Float fishing is one of the most simplistic yet enjoyable ways to catch carp, however, for many modern anglers, float fishing for carp has fallen out of fashion especially as it is considered a small fish only method and many carp anglers want that specimen monster carp in the back of the net.

Over the years, traditionalists such as Chris Yates and the late, John Wilson MBE, have proven that float fishing for big carp certainly has its place.

Naturally, when float fishing for carp, you will not be casting over 100 yards into an inland sea. It would be a waste of time. Nonetheless, fishing at close range, certainly the margins, and creeping through the undergrowth is where float fishing comes into its own!

With the benefit of intensified bite indication, fishing at close quarters with a float can often be a case of jungle warfare! Whether you are close to snags, nestled in amongst dense weed beds or in amongst the undergrowth, the fish fight that follows is likely to be an exhilarating experience!

If you fancy catching a big carp on the float, you should consider the following.

Carful movements. Being quiet and delicate with your footfall is an absolute necessity as carp will often patrol round the edges of the bank. Stealth is of the essence.
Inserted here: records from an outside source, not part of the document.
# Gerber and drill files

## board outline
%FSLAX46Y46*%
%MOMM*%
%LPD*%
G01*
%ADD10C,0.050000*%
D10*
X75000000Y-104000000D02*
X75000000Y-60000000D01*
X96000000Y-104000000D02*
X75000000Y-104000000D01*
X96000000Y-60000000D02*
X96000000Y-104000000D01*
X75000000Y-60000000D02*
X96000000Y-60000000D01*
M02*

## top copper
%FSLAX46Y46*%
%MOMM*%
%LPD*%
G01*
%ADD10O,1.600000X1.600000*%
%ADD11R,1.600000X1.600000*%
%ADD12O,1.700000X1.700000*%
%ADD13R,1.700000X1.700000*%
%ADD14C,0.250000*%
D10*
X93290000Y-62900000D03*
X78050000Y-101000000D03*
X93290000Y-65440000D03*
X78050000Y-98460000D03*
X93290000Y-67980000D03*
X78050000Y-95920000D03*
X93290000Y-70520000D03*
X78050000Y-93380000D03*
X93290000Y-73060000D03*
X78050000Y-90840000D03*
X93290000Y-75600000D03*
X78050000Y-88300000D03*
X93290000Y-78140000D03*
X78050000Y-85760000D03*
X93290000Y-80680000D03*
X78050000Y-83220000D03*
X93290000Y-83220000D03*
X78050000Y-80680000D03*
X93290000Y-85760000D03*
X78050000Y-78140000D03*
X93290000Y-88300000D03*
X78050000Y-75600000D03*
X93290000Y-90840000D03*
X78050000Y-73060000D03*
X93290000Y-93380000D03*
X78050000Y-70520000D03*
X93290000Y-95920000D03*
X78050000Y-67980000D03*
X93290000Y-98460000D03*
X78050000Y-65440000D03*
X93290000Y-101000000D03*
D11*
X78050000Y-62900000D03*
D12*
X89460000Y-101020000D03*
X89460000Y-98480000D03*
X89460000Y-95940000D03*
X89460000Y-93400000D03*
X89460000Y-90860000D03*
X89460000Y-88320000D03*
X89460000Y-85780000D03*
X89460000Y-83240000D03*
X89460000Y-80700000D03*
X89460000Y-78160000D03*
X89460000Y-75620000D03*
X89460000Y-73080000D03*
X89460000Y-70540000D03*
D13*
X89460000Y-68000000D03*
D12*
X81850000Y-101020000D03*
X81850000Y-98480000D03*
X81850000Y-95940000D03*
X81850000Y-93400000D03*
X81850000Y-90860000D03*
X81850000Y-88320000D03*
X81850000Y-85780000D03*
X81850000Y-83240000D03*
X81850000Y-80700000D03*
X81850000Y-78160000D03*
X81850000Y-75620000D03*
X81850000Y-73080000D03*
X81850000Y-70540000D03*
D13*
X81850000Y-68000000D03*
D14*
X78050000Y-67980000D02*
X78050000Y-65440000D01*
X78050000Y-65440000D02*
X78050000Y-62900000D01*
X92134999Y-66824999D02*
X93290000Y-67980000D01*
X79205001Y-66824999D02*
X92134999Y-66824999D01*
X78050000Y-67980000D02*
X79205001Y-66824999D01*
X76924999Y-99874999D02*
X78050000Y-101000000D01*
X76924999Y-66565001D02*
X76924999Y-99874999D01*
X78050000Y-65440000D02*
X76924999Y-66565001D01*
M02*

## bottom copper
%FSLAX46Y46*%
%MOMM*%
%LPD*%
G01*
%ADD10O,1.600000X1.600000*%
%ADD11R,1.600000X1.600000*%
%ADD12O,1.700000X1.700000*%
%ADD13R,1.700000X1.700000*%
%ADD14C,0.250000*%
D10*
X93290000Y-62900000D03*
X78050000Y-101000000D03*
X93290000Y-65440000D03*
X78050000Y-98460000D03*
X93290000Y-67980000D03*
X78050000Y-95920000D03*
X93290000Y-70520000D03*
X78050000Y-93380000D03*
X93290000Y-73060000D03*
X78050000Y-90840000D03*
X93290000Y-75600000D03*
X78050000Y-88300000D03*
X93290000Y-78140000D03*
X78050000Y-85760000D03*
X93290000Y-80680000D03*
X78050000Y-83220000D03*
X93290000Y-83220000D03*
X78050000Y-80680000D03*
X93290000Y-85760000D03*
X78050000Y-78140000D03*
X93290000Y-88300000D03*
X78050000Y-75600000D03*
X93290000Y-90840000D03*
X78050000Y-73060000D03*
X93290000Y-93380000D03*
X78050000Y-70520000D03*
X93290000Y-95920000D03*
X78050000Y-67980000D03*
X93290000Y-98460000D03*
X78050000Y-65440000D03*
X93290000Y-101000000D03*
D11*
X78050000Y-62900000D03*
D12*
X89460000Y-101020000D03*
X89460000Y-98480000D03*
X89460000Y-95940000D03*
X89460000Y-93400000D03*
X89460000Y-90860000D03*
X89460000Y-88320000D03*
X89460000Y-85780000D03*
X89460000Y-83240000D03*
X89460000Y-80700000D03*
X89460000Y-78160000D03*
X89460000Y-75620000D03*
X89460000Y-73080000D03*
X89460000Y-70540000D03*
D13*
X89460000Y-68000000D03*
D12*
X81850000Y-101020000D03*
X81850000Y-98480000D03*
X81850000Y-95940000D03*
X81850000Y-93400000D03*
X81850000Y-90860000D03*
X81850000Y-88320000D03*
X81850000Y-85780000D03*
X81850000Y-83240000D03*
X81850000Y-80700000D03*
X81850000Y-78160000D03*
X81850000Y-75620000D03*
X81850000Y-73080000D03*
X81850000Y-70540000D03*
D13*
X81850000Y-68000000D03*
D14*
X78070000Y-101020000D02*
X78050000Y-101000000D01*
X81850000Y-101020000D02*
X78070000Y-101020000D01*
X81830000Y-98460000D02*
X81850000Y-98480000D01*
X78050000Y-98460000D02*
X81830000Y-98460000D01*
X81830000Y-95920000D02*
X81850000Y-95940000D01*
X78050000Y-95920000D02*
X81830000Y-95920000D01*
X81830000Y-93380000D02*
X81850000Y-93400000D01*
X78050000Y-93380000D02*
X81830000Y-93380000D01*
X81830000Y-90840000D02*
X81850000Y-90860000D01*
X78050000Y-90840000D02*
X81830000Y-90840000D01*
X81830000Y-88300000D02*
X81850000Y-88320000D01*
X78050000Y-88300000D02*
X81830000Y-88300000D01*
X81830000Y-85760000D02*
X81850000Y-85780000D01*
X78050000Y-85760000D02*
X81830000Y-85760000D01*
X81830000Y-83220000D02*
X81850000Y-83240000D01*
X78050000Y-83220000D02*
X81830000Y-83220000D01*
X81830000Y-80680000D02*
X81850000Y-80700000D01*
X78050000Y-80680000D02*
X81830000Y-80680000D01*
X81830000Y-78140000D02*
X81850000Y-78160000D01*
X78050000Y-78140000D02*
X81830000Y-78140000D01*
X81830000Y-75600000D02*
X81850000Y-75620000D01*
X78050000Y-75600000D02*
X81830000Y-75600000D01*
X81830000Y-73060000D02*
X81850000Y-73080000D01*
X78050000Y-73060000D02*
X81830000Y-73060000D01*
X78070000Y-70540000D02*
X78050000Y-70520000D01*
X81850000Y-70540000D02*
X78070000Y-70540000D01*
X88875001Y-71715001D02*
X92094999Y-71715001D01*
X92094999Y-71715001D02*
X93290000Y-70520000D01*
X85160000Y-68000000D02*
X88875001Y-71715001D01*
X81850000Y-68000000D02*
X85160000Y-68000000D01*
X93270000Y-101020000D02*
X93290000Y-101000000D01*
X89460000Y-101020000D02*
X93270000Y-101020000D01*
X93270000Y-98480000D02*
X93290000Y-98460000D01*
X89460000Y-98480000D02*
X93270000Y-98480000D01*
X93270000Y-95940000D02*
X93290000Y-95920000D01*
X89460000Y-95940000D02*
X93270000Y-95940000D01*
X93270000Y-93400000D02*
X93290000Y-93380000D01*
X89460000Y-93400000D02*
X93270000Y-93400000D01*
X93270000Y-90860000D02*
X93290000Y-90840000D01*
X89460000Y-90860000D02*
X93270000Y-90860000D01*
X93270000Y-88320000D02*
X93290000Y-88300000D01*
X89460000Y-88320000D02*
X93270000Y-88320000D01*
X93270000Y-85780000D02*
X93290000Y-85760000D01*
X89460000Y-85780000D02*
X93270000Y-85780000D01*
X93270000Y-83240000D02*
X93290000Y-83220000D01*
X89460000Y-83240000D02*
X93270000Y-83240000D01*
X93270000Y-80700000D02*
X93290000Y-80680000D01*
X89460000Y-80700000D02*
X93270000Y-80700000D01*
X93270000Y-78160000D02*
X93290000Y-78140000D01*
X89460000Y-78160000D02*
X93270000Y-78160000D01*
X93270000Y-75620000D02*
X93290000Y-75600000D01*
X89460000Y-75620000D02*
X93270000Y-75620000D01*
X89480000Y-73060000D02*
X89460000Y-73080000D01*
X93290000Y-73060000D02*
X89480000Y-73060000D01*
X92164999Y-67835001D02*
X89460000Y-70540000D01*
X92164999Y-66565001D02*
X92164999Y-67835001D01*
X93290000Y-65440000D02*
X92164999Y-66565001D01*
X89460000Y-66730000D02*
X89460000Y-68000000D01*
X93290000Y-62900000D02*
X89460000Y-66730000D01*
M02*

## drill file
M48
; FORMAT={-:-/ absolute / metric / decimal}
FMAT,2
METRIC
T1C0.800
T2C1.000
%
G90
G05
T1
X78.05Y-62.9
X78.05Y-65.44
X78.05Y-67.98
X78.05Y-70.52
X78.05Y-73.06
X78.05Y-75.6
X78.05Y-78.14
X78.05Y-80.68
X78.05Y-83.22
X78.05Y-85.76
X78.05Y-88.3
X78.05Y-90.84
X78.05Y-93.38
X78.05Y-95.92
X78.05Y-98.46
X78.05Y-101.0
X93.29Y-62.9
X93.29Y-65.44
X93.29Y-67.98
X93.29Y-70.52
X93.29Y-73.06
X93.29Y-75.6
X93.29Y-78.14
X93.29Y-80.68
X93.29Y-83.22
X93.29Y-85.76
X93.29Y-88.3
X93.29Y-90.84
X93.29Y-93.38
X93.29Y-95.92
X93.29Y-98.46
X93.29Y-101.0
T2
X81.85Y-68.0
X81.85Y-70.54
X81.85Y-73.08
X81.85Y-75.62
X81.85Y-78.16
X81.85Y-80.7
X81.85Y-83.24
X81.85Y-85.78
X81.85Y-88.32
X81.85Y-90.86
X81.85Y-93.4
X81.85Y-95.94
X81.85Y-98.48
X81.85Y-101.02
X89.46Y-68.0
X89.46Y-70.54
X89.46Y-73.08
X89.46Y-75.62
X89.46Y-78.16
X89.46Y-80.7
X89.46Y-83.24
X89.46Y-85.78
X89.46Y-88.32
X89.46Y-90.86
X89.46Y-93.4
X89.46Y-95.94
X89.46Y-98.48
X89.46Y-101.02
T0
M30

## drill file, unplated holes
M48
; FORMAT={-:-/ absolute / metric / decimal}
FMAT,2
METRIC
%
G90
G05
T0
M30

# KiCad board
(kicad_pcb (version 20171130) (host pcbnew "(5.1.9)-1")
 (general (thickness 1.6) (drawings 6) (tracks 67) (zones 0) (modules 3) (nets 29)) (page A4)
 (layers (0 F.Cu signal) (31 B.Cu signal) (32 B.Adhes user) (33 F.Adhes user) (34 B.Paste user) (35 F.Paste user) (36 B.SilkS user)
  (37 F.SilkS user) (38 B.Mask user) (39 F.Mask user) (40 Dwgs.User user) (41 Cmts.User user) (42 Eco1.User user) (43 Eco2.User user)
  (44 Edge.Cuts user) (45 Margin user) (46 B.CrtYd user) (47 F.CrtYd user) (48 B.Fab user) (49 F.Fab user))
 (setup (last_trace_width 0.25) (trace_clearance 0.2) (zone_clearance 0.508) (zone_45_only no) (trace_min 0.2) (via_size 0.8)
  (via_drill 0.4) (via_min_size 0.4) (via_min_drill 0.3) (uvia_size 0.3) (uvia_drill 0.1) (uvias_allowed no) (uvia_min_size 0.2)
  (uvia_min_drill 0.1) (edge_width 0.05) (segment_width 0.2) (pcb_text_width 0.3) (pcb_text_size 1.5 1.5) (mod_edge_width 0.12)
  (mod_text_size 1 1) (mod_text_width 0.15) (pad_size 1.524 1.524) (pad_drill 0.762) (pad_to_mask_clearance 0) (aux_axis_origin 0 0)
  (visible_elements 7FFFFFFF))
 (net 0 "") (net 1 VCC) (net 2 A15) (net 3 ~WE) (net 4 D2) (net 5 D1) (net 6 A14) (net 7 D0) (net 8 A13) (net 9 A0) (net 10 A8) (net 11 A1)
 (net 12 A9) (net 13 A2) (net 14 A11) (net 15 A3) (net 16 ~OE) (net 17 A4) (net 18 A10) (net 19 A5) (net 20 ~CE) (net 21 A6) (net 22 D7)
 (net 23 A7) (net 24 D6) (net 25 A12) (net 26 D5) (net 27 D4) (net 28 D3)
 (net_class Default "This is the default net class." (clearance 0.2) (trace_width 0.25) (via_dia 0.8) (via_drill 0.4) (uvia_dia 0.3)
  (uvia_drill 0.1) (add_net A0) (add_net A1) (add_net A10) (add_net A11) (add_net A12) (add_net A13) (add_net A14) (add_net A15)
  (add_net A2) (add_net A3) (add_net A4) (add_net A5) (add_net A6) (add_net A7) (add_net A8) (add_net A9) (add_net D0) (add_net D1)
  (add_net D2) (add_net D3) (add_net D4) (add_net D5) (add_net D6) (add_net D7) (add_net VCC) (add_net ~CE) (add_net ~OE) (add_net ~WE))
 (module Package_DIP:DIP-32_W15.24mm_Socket (layer F.Cu) (at 78.05 62.9)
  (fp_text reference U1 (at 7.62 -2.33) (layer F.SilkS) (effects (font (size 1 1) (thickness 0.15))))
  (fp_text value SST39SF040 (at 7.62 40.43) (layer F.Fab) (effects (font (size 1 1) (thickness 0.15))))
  (pad 32 thru_hole oval (at 15.24 0) (size 1.6 1.6) (drill 0.8) (layers *.Cu *.Mask) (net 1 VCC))
  (pad 16 thru_hole oval (at 0 38.1) (size 1.6 1.6) (drill 0.8) (layers *.Cu *.Mask) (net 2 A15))
  (pad 31 thru_hole oval (at 15.24 2.54) (size 1.6 1.6) (drill 0.8) (layers *.Cu *.Mask) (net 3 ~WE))
  (pad 15 thru_hole oval (at 0 35.56) (size 1.6 1.6) (drill 0.8) (layers *.Cu *.Mask) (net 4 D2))
  (pad 30 thru_hole oval (at 15.24 5.08) (size 1.6 1.6) (drill 0.8) (layers *.Cu *.Mask) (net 2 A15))
  (pad 14 thru_hole oval (at 0 33.02) (size 1.6 1.6) (drill 0.8) (layers *.Cu *.Mask) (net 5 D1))
  (pad 29 thru_hole oval (at 15.24 7.62) (size 1.6 1.6) (drill 0.8) (layers *.Cu *.Mask) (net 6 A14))
  (pad 13 thru_hole oval (at 0 30.48) (size 1.6 1.6) (drill 0.8) (layers *.Cu *.Mask) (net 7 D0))
  (pad 28 thru_hole oval (at 15.24 10.16) (size 1.6 1.6) (drill 0.8) (layers *.Cu *.Mask) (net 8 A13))
  (pad 12 thru_hole oval (at 0 27.94) (size 1.6 1.6) (drill 0.8) (layers *.Cu *.Mask) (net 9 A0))
  (pad 27 thru_hole oval (at 15.24 12.7) (size 1.6 1.6) (drill 0.8) (layers *.Cu *.Mask) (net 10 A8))
  (pad 11 thru_hole oval (at 0 25.4) (size 1.6 1.6) (drill 0.8) (layers *.Cu *.Mask) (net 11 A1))
  (pad 26 thru_hole oval (at 15.24 15.24) (size 1.6 1.6) (drill 0.8) (layers *.Cu *.Mask) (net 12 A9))
  (pad 10 thru_hole oval (at 0 22.86) (size 1.6 1.6) (drill 0.8) (layers *.Cu *.Mask) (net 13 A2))
  (pad 25 thru_hole oval (at 15.24 17.78) (size 1.6 1.6) (drill 0.8) (layers *.Cu *.Mask) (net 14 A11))
  (pad 9 thru_hole oval (at 0 20.32) (size 1.6 1.6) (drill 0.8) (layers *.Cu *.Mask) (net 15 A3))
  (pad 24 thru_hole oval (at 15.24 20.32) (size 1.6 1.6) (drill 0.8) (layers *.Cu *.Mask) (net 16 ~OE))
  (pad 8 thru_hole oval (at 0 17.78) (size 1.6 1.6) (drill 0.8) (layers *.Cu *.Mask) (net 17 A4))
  (pad 23 thru_hole oval (at 15.24 22.86) (size 1.6 1.6) (drill 0.8) (layers *.Cu *.Mask) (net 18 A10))
  (pad 7 thru_hole oval (at 0 15.24) (size 1.6 1.6) (drill 0.8) (layers *.Cu *.Mask) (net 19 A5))
  (pad 22 thru_hole oval (at 15.24 25.4) (size 1.6 1.6) (drill 0.8) (layers *.Cu *.Mask) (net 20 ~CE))
  (pad 6 thru_hole oval (at 0 12.7) (size 1.6 1.6) (drill 0.8) (layers *.Cu *.Mask) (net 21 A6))
  (pad 21 thru_hole oval (at 15.24 27.94) (size 1.6 1.6) (drill 0.8) (layers *.Cu *.Mask) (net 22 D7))
  (pad 5 thru_hole oval (at 0 10.16) (size 1.6 1.6) (drill 0.8) (layers *.Cu *.Mask) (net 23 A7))
  (pad 20 thru_hole oval (at 15.24 30.48) (size 1.6 1.6) (drill 0.8) (layers *.Cu *.Mask) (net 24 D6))
  (pad 4 thru_hole oval (at 0 7.62) (size 1.6 1.6) (drill 0.8) (layers *.Cu *.Mask) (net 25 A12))
  (pad 19 thru_hole oval (at 15.24 33.02) (size 1.6 1.6) (drill 0.8) (layers *.Cu *.Mask) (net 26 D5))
Choosing the right gear. Generally, you’ll be fishing close to the bank and along patrol routes in the margins so the ideal rod would have a through action and be 10-11ft in length so that it can absorb those powerful lunges at close quarters. Paired with a small fixed spool reel with a reliable clutch, loaded with an 8-10lb mainline and perhaps a heavy gage wire hook, (size is dependent on your bait choice), then you are set for success. A top tip for float angling is to try to keep your gear to a minimum so you can stay mobile.


Picking the right float. The choice of float is often a personal one but ensure to select one which is as covert as possible. A foot long, loaded drift beater banging around in 2ft of water is only going to be obtrusive, spooking the fish from your swim. Choose a short bodied waggler, such as Drennan Crystal or even a piece of peacock quill, attached to the bottom end only with a float rubber. For extremely up close and personal work, a large pole float with a superfine bristle will serve well!


Choice of bait. Whilst it can be accepted that certain baits technically work better when presented under a float, many bait options such as boilies will catch you carp. Two personal favourite baits to fish under a float is the ever faithful “golden grain” sweet corn and a big bunch of wriggling maggots! With these choices, you may on occasion end up catching other species, but a big carp caught on the humble maggot is certainly a catch to cherish.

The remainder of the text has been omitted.